How The Internet Has Changed The World
Despite the fact that many of us have lived without Wi-Fi, it has become nearly impossible to imagine our personal and professional lives without it. We can do things much faster and more efficiently now that we have access to the internet: handwritten letters sent via post have been replaced by emails and texts; long lines at the high street bank have been replaced by in-app queues for chat support; and trips to the library have been replaced by instant book downloads onto a Kindle or iPad. With access to millions of apps, online stores, and an unfathomable wealth of information online, it’s almost more difficult to imagine what we can’t do than what we can. Apply for Jom Apply unifi internet package today.
The internet has changed the way we live since the days of dial-up. Unlike in the days before the internet, being connected allowed us to access the entire world at the touch of a button. The way people chose to communicate with one another was one of the more noticeable changes of the post-internet era. Those with an internet connection could instantly chat or email their family, friends, and penpals all over the world. International friendships became much easier, online dating became a reality, and people were able to create their own personalized websites that reflected their interests.
There was no turning back once the world discovered the internet. As more people went online, the demand for easier access and better service grew. According to a Pew Research Centre study, our love for the internet has surpassed our love for television, with the public preferring internet access over television.
The next logical step in improving the internet experience was to make it more accessible in homes, workplaces, and public places, which is when Wi-Fi came into play. Wi-Fi made it almost instantaneous to access the internet, as laptops and other mobile devices could be taken to the nearest Wi-Fi ‘hotspot’ or booster.
As Wi-Fi technology advances, the potential for us to improve ourselves and our society grows. According to the BBC, police officers can now use their mobile devices to instantly track mugshots and criminal records, as well as view sensor networks capable of detecting perpetrators’ locations. Law enforcement has recently begun to use aerial drones, microcomputers, and biometric technology to combat crime and identify perpetrators.
Social media is also playing an important role in crime reduction and emergency service improvement: police use social media to engage and inform the public on a variety of issues, as well as to request information.

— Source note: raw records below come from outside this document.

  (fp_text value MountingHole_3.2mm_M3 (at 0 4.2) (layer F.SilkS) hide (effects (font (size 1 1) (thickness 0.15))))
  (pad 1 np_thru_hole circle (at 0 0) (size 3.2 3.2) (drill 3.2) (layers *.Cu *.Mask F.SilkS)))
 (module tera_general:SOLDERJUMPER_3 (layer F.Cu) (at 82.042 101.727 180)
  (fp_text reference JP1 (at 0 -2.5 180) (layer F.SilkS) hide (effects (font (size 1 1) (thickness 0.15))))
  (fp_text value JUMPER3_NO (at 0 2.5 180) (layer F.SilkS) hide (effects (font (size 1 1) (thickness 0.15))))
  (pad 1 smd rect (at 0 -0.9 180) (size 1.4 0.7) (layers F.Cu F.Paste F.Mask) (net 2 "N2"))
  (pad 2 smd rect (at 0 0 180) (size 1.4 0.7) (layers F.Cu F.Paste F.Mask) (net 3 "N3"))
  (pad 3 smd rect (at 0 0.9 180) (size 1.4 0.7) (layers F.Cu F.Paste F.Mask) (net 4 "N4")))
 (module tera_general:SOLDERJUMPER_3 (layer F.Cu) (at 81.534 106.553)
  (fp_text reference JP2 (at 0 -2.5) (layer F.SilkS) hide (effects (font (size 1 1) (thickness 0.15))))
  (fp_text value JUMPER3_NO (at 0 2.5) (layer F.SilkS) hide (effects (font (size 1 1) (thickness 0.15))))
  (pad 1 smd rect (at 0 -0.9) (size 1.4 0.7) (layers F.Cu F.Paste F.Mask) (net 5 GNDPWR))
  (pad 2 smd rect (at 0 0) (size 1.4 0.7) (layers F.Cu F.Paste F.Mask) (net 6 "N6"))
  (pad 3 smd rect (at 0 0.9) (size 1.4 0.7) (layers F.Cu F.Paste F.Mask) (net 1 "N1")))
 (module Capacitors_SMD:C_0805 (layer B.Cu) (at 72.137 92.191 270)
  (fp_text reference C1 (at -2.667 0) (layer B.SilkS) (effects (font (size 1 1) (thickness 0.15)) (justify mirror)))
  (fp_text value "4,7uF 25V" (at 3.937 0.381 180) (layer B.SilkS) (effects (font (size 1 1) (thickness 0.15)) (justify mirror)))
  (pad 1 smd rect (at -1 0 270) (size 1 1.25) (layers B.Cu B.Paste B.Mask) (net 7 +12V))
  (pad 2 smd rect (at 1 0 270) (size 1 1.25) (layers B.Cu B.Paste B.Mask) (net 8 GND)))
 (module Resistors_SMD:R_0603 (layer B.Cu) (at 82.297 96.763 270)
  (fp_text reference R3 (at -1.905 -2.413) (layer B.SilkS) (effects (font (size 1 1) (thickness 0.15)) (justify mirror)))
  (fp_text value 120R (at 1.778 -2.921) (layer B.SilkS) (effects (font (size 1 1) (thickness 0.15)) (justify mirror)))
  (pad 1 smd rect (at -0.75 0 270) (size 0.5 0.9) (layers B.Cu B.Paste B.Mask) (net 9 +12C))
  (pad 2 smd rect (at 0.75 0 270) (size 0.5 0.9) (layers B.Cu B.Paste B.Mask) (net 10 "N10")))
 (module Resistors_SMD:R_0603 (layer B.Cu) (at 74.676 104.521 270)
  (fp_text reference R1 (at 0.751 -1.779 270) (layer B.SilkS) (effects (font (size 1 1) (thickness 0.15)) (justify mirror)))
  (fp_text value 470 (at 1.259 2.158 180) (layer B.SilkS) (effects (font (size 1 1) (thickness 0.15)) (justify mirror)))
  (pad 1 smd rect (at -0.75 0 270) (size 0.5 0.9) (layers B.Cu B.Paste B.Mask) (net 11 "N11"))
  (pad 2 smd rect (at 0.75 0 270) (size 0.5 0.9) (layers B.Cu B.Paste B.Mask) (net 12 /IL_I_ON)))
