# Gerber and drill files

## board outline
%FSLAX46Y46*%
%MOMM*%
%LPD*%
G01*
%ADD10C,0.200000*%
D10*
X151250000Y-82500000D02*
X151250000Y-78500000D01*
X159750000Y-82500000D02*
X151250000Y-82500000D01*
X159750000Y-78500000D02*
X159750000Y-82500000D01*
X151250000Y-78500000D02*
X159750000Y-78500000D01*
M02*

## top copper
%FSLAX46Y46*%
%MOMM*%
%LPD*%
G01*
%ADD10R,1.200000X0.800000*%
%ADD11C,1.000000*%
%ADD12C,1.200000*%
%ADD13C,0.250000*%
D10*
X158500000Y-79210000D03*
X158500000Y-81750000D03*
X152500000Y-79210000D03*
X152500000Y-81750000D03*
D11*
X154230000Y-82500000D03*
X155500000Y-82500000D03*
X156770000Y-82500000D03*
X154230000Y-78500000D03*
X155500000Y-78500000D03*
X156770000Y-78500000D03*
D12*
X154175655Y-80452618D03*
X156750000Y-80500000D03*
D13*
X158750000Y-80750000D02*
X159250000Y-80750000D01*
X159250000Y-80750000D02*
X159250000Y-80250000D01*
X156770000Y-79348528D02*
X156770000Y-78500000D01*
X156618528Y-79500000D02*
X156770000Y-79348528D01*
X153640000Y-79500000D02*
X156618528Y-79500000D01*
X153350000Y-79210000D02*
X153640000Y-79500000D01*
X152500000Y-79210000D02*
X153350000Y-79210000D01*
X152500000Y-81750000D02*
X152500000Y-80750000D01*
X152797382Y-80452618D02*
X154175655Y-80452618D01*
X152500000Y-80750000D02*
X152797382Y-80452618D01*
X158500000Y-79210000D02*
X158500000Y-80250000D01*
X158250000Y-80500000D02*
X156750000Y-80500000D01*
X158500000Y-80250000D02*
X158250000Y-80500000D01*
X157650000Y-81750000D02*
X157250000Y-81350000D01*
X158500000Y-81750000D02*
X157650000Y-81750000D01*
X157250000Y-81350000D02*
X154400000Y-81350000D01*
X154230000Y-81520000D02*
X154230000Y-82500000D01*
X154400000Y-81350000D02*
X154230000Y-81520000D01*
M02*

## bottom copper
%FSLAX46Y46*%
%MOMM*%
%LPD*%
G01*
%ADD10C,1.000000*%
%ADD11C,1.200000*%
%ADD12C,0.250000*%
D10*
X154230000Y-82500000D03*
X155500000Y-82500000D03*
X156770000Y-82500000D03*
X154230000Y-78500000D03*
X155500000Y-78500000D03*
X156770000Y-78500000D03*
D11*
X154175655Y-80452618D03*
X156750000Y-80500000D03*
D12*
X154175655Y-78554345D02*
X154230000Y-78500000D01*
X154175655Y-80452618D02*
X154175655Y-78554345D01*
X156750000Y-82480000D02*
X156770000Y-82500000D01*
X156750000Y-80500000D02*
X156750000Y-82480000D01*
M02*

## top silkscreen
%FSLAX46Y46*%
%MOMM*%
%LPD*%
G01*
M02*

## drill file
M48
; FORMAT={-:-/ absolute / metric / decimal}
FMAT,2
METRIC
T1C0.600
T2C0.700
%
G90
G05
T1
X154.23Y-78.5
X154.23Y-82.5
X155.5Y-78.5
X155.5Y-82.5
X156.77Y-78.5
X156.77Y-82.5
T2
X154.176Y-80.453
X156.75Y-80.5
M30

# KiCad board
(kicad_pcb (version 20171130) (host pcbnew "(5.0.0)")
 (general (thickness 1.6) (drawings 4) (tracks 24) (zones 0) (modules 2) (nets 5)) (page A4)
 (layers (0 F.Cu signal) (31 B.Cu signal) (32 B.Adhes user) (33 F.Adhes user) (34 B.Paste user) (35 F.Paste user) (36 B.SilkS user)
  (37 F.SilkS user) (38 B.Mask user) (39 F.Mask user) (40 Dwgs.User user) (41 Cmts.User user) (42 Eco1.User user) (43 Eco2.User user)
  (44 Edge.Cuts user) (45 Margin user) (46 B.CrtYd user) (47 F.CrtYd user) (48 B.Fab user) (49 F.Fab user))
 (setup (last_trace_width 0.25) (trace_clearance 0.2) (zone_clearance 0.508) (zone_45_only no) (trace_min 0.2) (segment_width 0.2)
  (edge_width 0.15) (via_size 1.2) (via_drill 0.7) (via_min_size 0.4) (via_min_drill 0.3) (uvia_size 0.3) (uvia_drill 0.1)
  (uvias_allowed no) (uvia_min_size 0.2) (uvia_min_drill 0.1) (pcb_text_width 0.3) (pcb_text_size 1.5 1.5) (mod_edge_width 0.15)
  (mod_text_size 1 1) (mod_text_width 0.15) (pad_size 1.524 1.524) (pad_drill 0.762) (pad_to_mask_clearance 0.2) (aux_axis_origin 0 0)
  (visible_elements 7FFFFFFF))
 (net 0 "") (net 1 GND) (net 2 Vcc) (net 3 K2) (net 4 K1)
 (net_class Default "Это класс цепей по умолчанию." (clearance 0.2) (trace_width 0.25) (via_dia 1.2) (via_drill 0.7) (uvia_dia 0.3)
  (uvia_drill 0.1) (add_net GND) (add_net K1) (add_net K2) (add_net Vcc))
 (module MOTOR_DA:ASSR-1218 (layer F.Cu) (at 165.2 81.75 90)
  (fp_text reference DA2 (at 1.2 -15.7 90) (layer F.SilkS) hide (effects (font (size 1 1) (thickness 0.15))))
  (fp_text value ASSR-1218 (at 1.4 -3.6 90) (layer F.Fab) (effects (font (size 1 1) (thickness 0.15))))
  (pad 2 smd rect (at 2.54 -6.7 90) (size 0.8 1.2) (layers F.Cu F.Paste F.Mask) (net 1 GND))
  (pad 1 smd rect (at 0 -6.7 90) (size 0.8 1.2) (layers F.Cu F.Paste F.Mask) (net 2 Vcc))
  (pad 3 smd rect (at 2.54 -12.7 90) (size 0.8 1.2) (layers F.Cu F.Paste F.Mask) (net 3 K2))
  (pad 4 smd rect (at 0 -12.7 90) (size 0.8 1.2) (layers F.Cu F.Paste F.Mask) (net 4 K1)))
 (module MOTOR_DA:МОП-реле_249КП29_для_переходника (layer F.Cu) (at 155.5 80.5)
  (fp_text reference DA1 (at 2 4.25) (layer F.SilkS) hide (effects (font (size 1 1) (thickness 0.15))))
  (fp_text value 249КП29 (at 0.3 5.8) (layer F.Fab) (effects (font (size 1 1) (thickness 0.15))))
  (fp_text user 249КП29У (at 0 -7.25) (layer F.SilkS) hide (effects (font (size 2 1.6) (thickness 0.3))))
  (pad 1 thru_hole circle (at -1.27 2) (size 1 1) (drill 0.6) (layers *.Cu *.Mask) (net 2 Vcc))
  (pad 2 thru_hole circle (at 0 2) (size 1 1) (drill 0.6) (layers *.Cu *.Mask))
  (pad 3 thru_hole circle (at 1.27 2) (size 1 1) (drill 0.6) (layers *.Cu *.Mask) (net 1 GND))
  (pad 7 thru_hole circle (at -1.27 -2) (size 1 1) (drill 0.6) (layers *.Cu *.Mask) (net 4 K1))
  (pad 6 thru_hole circle (at 0 -2) (size 1 1) (drill 0.6) (layers *.Cu *.Mask))
  (pad 5 thru_hole circle (at 1.27 -2) (size 1 1) (drill 0.6) (layers *.Cu *.Mask) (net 3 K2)))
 (gr_line (start 151.25 82.5) (end 151.25 78.5) (layer Edge.Cuts) (width 0.2))
 (gr_line (start 159.75 82.5) (end 151.25 82.5) (layer Edge.Cuts) (width 0.2))
 (gr_line (start 159.75 78.5) (end 159.75 82.5) (layer Edge.Cuts) (width 0.2))
 (gr_line (start 151.25 78.5) (end 159.75 78.5) (layer Edge.Cuts) (width 0.2))
 (segment (start 158.75 80.75) (end 159.25 80.75) (width 0.25) (layer F.Cu) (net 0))
 (segment (start 159.25 80.75) (end 159.25 80.25) (width 0.25) (layer F.Cu) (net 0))
 (segment (start 156.77 79.348528) (end 156.77 78.5) (width 0.25) (layer F.Cu) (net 3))
 (segment (start 156.618528 79.5) (end 156.77 79.348528) (width 0.25) (layer F.Cu) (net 3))
 (segment (start 153.64 79.5) (end 156.618528 79.5) (width 0.25) (layer F.Cu) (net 3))
 (segment (start 153.35 79.21) (end 153.64 79.5) (width 0.25) (layer F.Cu) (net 3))
 (segment (start 152.5 79.21) (end 153.35 79.21) (width 0.25) (layer F.Cu) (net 3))
 (via (at 154.175655 80.452618) (size 1.2) (drill 0.7) (layers F.Cu B.Cu) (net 4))
 (segment (start 154.175655 78.554345) (end 154.23 78.5) (width 0.25) (layer B.Cu) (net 4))
 (segment (start 154.175655 80.452618) (end 154.175655 78.554345) (width 0.25) (layer B.Cu) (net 4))
 (segment (start 152.5 81.75) (end 152.5 80.75) (width 0.25) (layer F.Cu) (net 4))
 (segment (start 152.797382 80.452618) (end 154.175655 80.452618) (width 0.25) (layer F.Cu) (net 4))
 (segment (start 152.5 80.75) (end 152.797382 80.452618) (width 0.25) (layer F.Cu) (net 4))
 (via (at 156.75 80.5) (size 1.2) (drill 0.7) (layers F.Cu B.Cu) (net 1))
 (segment (start 158.5 79.21) (end 158.5 80.25) (width 0.25) (layer F.Cu) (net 1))
 (segment (start 158.25 80.5) (end 156.75 80.5) (width 0.25) (layer F.Cu) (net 1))
 (segment (start 158.5 80.25) (end 158.25 80.5) (width 0.25) (layer F.Cu) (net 1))
 (segment (start 156.75 82.48) (end 156.77 82.5) (width 0.25) (layer B.Cu) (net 1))
 (segment (start 156.75 80.5) (end 156.75 82.48) (width 0.25) (layer B.Cu) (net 1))
 (segment (start 157.65 81.75) (end 157.25 81.35) (width 0.25) (layer F.Cu) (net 2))
 (segment (start 158.5 81.75) (end 157.65 81.75) (width 0.25) (layer F.Cu) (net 2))
 (segment (start 157.25 81.35) (end 154.4 81.35) (width 0.25) (layer F.Cu) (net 2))
 (segment (start 154.23 81.52) (end 154.23 82.5) (width 0.25) (layer F.Cu) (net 2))
 (segment (start 154.4 81.35) (end 154.23 81.52) (width 0.25) (layer F.Cu) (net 2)))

With 86 percent of Americans on social media, social media has begun to serve as an additional emergency outlet – if an emergency situation arises, we can use Facebook and Twitter (with presumably hundreds of friends / followers / connections) to request help or alert others.
Healthcare facilities have also made significant strides in their use of Wi-Fi, primarily through the use of location services and wayfinding tools to get patients and equipment to the right location. According to the Wi-Fi Alliance, there are already a number of applications in the healthcare industry that use and rely on Wi-Fi, such as infusion pumps, oxygen monitoring devices, and smart beds, as well as mission-critical information applications such as access to electronic medical records (EMRs) and real-time access to X-rays and MRI scans. They also stated that medical telepresence delivered via Wi-Fi aids in the expansion of high-quality healthcare delivery to remote and underserved areas.